[Collected data]
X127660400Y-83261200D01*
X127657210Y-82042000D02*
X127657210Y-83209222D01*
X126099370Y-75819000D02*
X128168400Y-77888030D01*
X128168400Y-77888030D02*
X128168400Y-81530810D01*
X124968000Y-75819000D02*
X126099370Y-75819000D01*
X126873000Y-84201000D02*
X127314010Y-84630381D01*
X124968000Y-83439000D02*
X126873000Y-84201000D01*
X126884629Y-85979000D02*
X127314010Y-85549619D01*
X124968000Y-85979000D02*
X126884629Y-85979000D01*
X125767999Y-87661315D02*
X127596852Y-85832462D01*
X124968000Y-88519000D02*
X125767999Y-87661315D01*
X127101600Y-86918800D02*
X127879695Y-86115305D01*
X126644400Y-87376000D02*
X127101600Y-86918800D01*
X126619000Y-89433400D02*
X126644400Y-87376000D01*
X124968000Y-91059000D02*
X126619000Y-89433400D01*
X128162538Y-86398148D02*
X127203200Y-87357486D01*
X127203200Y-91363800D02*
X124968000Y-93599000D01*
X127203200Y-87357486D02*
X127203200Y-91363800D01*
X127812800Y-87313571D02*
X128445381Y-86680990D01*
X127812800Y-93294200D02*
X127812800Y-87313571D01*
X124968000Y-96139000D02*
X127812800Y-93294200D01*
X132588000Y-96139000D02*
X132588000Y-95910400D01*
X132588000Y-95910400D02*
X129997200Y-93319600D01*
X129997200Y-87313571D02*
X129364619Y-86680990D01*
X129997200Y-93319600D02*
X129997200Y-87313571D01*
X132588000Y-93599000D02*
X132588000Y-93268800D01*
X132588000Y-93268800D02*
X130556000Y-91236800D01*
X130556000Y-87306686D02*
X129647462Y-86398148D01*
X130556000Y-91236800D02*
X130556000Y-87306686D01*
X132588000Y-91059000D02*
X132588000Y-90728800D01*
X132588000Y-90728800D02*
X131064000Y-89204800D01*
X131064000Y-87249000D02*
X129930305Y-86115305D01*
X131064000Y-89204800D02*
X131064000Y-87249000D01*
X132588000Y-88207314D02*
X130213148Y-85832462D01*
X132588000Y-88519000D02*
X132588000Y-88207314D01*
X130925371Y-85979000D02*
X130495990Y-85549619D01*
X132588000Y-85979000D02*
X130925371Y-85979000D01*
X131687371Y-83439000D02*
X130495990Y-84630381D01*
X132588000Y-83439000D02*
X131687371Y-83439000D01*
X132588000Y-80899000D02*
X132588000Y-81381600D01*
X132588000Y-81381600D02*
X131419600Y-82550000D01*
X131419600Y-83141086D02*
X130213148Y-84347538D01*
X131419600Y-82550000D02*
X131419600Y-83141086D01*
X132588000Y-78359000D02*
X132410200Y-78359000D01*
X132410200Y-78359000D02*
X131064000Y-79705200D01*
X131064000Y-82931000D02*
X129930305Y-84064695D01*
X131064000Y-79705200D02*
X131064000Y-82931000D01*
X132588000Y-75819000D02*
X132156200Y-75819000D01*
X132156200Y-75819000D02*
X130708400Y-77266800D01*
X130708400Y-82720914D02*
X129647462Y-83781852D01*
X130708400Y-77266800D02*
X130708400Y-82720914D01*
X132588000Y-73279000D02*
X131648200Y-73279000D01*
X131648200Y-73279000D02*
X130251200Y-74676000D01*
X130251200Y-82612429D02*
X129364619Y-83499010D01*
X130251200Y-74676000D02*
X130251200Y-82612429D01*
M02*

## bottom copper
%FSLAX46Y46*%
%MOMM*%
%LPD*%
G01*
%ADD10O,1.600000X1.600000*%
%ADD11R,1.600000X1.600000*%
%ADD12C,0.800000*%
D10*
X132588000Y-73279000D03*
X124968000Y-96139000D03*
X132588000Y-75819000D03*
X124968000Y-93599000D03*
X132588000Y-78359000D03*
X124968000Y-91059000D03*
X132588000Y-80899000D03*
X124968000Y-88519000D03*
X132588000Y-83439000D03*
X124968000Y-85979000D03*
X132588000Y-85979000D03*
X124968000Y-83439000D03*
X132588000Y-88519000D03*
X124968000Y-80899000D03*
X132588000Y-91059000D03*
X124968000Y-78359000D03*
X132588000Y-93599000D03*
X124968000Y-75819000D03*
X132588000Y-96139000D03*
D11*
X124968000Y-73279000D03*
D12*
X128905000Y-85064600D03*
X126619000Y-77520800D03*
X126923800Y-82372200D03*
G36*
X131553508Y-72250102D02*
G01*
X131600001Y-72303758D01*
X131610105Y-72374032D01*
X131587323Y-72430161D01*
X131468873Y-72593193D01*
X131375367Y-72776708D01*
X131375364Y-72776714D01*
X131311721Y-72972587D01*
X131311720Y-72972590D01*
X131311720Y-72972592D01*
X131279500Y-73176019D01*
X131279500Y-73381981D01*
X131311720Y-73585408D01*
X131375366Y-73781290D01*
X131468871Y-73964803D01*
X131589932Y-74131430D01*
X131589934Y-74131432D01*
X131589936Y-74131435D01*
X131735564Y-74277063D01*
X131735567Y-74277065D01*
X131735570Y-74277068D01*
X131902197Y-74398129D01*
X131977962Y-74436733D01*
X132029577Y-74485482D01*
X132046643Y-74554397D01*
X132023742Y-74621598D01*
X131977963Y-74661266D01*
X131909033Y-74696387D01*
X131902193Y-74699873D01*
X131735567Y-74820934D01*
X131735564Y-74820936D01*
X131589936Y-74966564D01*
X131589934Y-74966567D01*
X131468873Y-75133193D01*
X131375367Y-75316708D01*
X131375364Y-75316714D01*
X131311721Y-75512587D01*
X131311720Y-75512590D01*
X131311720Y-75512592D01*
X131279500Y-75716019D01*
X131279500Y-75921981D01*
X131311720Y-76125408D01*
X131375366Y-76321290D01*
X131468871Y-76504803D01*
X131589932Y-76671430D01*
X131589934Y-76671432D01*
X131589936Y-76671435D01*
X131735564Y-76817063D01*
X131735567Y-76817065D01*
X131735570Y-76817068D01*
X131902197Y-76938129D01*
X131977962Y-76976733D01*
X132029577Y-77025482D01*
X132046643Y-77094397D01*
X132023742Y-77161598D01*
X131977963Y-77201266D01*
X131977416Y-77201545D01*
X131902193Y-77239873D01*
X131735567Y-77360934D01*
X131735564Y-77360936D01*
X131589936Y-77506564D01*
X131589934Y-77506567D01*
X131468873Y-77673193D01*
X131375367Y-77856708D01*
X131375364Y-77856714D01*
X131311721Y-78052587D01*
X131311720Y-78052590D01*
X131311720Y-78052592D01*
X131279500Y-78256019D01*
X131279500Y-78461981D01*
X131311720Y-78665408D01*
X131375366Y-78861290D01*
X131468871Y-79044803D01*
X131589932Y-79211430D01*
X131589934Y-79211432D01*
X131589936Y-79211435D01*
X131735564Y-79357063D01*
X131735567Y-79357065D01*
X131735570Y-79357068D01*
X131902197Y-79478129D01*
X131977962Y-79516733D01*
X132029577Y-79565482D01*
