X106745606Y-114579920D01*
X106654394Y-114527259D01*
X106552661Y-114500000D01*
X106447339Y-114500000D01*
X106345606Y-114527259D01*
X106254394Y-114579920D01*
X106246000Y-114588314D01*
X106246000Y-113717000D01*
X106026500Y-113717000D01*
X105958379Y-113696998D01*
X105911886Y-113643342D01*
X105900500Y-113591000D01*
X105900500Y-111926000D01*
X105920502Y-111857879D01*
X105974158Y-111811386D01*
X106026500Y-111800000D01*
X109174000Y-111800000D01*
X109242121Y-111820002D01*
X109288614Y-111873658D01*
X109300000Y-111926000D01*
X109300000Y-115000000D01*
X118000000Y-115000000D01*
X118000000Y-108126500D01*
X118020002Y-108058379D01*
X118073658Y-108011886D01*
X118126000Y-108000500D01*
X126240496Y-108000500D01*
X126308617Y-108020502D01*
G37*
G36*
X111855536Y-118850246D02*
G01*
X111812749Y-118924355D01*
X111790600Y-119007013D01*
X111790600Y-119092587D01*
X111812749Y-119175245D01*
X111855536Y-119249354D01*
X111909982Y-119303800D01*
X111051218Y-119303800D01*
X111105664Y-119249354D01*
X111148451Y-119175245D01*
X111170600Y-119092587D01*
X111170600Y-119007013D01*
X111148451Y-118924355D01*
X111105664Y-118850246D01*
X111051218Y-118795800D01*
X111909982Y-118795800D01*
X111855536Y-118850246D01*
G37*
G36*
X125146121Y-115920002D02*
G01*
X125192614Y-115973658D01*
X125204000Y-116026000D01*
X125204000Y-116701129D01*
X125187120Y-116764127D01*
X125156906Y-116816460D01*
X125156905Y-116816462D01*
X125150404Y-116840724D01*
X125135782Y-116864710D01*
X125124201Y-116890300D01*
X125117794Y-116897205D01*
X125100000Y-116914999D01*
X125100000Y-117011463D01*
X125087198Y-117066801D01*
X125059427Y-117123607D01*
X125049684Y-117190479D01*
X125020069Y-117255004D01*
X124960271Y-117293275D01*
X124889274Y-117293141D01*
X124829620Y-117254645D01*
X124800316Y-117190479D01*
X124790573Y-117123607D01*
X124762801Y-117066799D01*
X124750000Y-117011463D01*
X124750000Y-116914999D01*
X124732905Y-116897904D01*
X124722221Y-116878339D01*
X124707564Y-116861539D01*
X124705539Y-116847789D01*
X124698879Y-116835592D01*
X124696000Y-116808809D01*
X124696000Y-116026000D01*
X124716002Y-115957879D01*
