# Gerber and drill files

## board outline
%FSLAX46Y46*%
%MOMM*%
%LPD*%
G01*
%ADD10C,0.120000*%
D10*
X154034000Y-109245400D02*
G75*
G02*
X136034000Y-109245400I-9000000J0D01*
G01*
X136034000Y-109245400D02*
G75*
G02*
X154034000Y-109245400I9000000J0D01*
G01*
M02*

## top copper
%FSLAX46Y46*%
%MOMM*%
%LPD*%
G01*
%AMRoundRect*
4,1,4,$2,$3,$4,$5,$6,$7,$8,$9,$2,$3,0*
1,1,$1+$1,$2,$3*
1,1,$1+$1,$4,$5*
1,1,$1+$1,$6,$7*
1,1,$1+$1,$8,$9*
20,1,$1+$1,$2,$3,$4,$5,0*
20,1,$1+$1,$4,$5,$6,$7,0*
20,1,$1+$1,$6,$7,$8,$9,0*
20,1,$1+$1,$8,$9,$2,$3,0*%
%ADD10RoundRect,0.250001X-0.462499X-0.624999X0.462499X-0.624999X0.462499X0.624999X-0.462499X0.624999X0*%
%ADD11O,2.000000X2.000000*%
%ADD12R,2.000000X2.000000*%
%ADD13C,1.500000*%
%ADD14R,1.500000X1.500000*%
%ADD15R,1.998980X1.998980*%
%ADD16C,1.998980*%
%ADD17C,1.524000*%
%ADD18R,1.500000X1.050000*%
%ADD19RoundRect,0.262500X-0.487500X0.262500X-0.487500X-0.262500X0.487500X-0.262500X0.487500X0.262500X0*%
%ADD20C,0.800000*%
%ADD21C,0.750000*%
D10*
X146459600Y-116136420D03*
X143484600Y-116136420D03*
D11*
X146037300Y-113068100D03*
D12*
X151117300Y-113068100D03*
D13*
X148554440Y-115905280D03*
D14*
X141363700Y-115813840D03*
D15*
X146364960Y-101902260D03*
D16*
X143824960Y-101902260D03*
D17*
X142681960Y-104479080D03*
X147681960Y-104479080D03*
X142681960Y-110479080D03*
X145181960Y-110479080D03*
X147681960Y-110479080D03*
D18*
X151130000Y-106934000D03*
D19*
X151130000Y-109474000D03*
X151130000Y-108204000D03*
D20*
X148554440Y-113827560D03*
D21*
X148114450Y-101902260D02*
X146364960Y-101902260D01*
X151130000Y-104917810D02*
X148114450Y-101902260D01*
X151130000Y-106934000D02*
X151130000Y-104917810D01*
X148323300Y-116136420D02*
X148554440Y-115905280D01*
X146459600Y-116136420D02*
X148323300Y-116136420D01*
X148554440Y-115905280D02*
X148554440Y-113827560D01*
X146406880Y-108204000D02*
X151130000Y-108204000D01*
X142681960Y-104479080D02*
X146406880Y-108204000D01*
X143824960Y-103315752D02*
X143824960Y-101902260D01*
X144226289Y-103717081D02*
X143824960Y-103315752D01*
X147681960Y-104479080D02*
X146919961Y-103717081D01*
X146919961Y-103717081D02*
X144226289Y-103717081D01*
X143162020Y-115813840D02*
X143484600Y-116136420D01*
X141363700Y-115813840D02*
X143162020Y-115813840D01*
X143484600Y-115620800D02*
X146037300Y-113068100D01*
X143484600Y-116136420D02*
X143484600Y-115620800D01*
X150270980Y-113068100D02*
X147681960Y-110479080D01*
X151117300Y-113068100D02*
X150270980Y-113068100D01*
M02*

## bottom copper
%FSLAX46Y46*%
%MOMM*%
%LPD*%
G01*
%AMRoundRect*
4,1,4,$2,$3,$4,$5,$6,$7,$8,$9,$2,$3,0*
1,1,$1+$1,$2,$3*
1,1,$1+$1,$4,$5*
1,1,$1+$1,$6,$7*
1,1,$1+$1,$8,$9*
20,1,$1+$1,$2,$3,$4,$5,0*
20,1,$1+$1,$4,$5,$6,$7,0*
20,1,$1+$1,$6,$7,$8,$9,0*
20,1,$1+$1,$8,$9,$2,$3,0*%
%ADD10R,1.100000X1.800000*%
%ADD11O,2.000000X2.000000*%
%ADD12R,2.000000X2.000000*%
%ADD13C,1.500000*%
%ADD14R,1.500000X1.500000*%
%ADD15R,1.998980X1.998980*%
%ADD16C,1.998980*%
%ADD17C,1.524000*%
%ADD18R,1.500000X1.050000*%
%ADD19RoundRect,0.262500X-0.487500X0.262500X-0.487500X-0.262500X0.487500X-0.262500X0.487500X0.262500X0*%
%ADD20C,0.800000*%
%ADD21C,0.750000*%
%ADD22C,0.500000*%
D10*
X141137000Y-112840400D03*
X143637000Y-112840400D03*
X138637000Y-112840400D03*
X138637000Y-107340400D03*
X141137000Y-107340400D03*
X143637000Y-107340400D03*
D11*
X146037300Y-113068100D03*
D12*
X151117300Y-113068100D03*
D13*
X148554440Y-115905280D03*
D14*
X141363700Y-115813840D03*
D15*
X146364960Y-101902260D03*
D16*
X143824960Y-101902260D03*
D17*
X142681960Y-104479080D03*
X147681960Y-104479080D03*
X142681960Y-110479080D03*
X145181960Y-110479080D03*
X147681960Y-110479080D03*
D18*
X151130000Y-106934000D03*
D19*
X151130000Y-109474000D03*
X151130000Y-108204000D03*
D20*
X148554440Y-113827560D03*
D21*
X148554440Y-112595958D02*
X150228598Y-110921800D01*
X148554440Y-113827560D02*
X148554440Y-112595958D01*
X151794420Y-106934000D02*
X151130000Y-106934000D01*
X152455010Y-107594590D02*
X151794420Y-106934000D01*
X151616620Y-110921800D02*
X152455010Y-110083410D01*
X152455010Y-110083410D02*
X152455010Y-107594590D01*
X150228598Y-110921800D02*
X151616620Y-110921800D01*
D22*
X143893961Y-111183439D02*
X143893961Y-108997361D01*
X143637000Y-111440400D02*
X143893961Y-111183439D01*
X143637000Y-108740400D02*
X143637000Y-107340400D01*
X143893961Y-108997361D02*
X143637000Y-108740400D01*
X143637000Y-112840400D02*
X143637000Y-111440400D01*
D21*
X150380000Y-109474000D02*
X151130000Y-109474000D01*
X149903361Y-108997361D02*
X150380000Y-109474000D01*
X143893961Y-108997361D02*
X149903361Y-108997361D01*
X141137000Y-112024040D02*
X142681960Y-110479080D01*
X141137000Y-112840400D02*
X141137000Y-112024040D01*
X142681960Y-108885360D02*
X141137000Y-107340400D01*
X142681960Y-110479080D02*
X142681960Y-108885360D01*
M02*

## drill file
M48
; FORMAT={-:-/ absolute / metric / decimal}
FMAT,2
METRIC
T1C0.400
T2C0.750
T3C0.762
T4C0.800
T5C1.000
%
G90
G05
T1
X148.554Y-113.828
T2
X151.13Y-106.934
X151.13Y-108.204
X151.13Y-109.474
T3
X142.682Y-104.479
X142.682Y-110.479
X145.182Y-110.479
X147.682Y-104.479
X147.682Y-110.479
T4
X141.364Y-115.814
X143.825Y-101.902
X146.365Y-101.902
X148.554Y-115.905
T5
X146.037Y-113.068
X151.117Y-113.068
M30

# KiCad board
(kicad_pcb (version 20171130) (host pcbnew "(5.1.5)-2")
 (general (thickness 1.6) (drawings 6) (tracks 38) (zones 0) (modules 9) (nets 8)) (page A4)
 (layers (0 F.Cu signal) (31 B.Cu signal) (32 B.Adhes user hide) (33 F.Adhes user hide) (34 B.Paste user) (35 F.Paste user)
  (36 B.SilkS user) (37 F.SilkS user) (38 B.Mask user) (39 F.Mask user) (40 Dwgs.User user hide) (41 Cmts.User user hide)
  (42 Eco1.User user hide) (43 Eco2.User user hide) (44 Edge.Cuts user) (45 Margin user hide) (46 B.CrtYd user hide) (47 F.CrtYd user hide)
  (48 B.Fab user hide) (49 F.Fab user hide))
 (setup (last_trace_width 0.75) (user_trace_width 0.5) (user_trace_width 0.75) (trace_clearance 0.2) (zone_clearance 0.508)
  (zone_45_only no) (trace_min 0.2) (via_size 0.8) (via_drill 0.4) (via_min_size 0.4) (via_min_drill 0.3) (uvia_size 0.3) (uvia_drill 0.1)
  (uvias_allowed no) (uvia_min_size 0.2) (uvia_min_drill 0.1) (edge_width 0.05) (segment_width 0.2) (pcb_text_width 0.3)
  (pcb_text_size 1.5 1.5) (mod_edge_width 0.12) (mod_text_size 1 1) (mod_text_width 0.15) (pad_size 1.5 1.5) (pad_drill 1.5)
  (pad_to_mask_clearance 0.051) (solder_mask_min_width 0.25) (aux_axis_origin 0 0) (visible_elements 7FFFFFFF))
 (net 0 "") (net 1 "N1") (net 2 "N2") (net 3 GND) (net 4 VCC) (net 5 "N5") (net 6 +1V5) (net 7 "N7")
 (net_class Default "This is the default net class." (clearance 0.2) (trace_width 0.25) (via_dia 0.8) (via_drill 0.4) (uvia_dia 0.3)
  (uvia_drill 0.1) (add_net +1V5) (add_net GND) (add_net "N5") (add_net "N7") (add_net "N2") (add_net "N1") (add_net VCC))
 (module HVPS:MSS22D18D (layer B.Cu) (at 140.4874 104.902 180)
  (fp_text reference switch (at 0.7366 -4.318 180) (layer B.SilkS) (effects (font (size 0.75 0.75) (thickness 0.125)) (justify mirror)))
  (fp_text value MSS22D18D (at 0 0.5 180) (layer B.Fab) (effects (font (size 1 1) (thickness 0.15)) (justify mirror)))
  (pad 2 smd rect (at -0.6496 -7.9384 180) (size 1.1 1.8) (layers B.Cu B.Paste B.Mask) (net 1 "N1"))
  (pad 1 smd rect (at -3.1496 -7.9384 180) (size 1.1 1.8) (layers B.Cu B.Paste B.Mask) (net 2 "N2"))
  (pad 3 smd rect (at 1.8504 -7.9384 180) (size 1.1 1.8) (layers B.Cu B.Paste B.Mask))
  (pad 3 smd rect (at 1.8504 -2.4384 180) (size 1.1 1.8) (layers B.Cu B.Paste B.Mask))
  (pad 2 smd rect (at -0.6496 -2.4384 180) (size 1.1 1.8) (layers B.Cu B.Paste B.Mask) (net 1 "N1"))
  (pad 1 smd rect (at -3.1496 -2.4384 180) (size 1.1 1.8) (layers B.Cu B.Paste B.Mask) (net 2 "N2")))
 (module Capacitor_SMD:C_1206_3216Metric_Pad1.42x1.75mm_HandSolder (layer F.Cu) (at 144.9721 116.13642)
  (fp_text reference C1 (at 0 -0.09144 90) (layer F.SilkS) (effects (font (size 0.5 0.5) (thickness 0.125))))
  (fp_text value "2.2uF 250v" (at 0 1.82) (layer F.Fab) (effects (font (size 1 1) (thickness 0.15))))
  (pad 2 smd roundrect (at 1.4875 0) (size 1.425 1.75) (layers F.Cu F.Paste F.Mask) (roundrect_rratio 0.175439) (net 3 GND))
  (pad 1 smd roundrect (at -1.4875 0) (size 1.425 1.75) (layers F.Cu F.Paste F.Mask) (roundrect_rratio 0.175439) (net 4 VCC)))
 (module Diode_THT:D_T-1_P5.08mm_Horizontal (layer F.Cu) (at 151.1173 113.0681 180)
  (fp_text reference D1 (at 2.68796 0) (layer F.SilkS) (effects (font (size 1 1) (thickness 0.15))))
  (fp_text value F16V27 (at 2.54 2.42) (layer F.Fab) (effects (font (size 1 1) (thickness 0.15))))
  (pad 2 thru_hole oval (at 5.08 0 180) (size 2 2) (drill 1) (layers *.Cu *.Mask) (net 4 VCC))
  (pad 1 thru_hole rect (at 0 0 180) (size 2 2) (drill 1) (layers *.Cu *.Mask) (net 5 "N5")))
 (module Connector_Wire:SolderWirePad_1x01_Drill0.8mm (layer F.Cu) (at 148.55444 115.90528)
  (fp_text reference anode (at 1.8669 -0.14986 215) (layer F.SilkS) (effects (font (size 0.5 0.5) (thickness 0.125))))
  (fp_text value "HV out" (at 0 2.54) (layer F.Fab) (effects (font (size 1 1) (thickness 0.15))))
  (pad 1 thru_hole circle (at 0 0) (size 1.5 1.5) (drill 0.8001) (layers *.Cu *.Mask) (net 3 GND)))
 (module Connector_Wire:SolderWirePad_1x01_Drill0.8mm (layer F.Cu) (at 141.3637 115.81384)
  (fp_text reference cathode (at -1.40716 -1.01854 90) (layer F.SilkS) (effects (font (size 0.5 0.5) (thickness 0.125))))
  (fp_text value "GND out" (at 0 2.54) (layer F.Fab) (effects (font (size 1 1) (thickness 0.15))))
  (pad 1 thru_hole rect (at 0 0) (size 1.5 1.5) (drill 0.8001) (layers *.Cu *.Mask) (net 4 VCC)))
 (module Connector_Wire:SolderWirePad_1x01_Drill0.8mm (layer F.Cu) (at 146.36496 101.90226)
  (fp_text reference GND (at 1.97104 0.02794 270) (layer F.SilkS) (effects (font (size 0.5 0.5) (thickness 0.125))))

> ASSIGNMENT: As listed above, the lines from the line with "X125767999Y-87661315D01*" to the line with "X129997200Y-93319600D02*" are to be echoed exactly, with both ends included and nothing added.

> ANSWER SECTION:
X125767999Y-87661315D01*
X127101600Y-86918800D02*
X127879695Y-86115305D01*
X126644400Y-87376000D02*
X127101600Y-86918800D01*
X126619000Y-89433400D02*
X126644400Y-87376000D01*
X124968000Y-91059000D02*
X126619000Y-89433400D01*
X128162538Y-86398148D02*
X127203200Y-87357486D01*
X127203200Y-91363800D02*
X124968000Y-93599000D01*
X127203200Y-87357486D02*
X127203200Y-91363800D01*
X127812800Y-87313571D02*
X128445381Y-86680990D01*
X127812800Y-93294200D02*
X127812800Y-87313571D01*
X124968000Y-96139000D02*
X127812800Y-93294200D01*
X132588000Y-96139000D02*
X132588000Y-95910400D01*
X132588000Y-95910400D02*
X129997200Y-93319600D01*
X129997200Y-87313571D02*
X129364619Y-86680990D01*
X129997200Y-93319600D02*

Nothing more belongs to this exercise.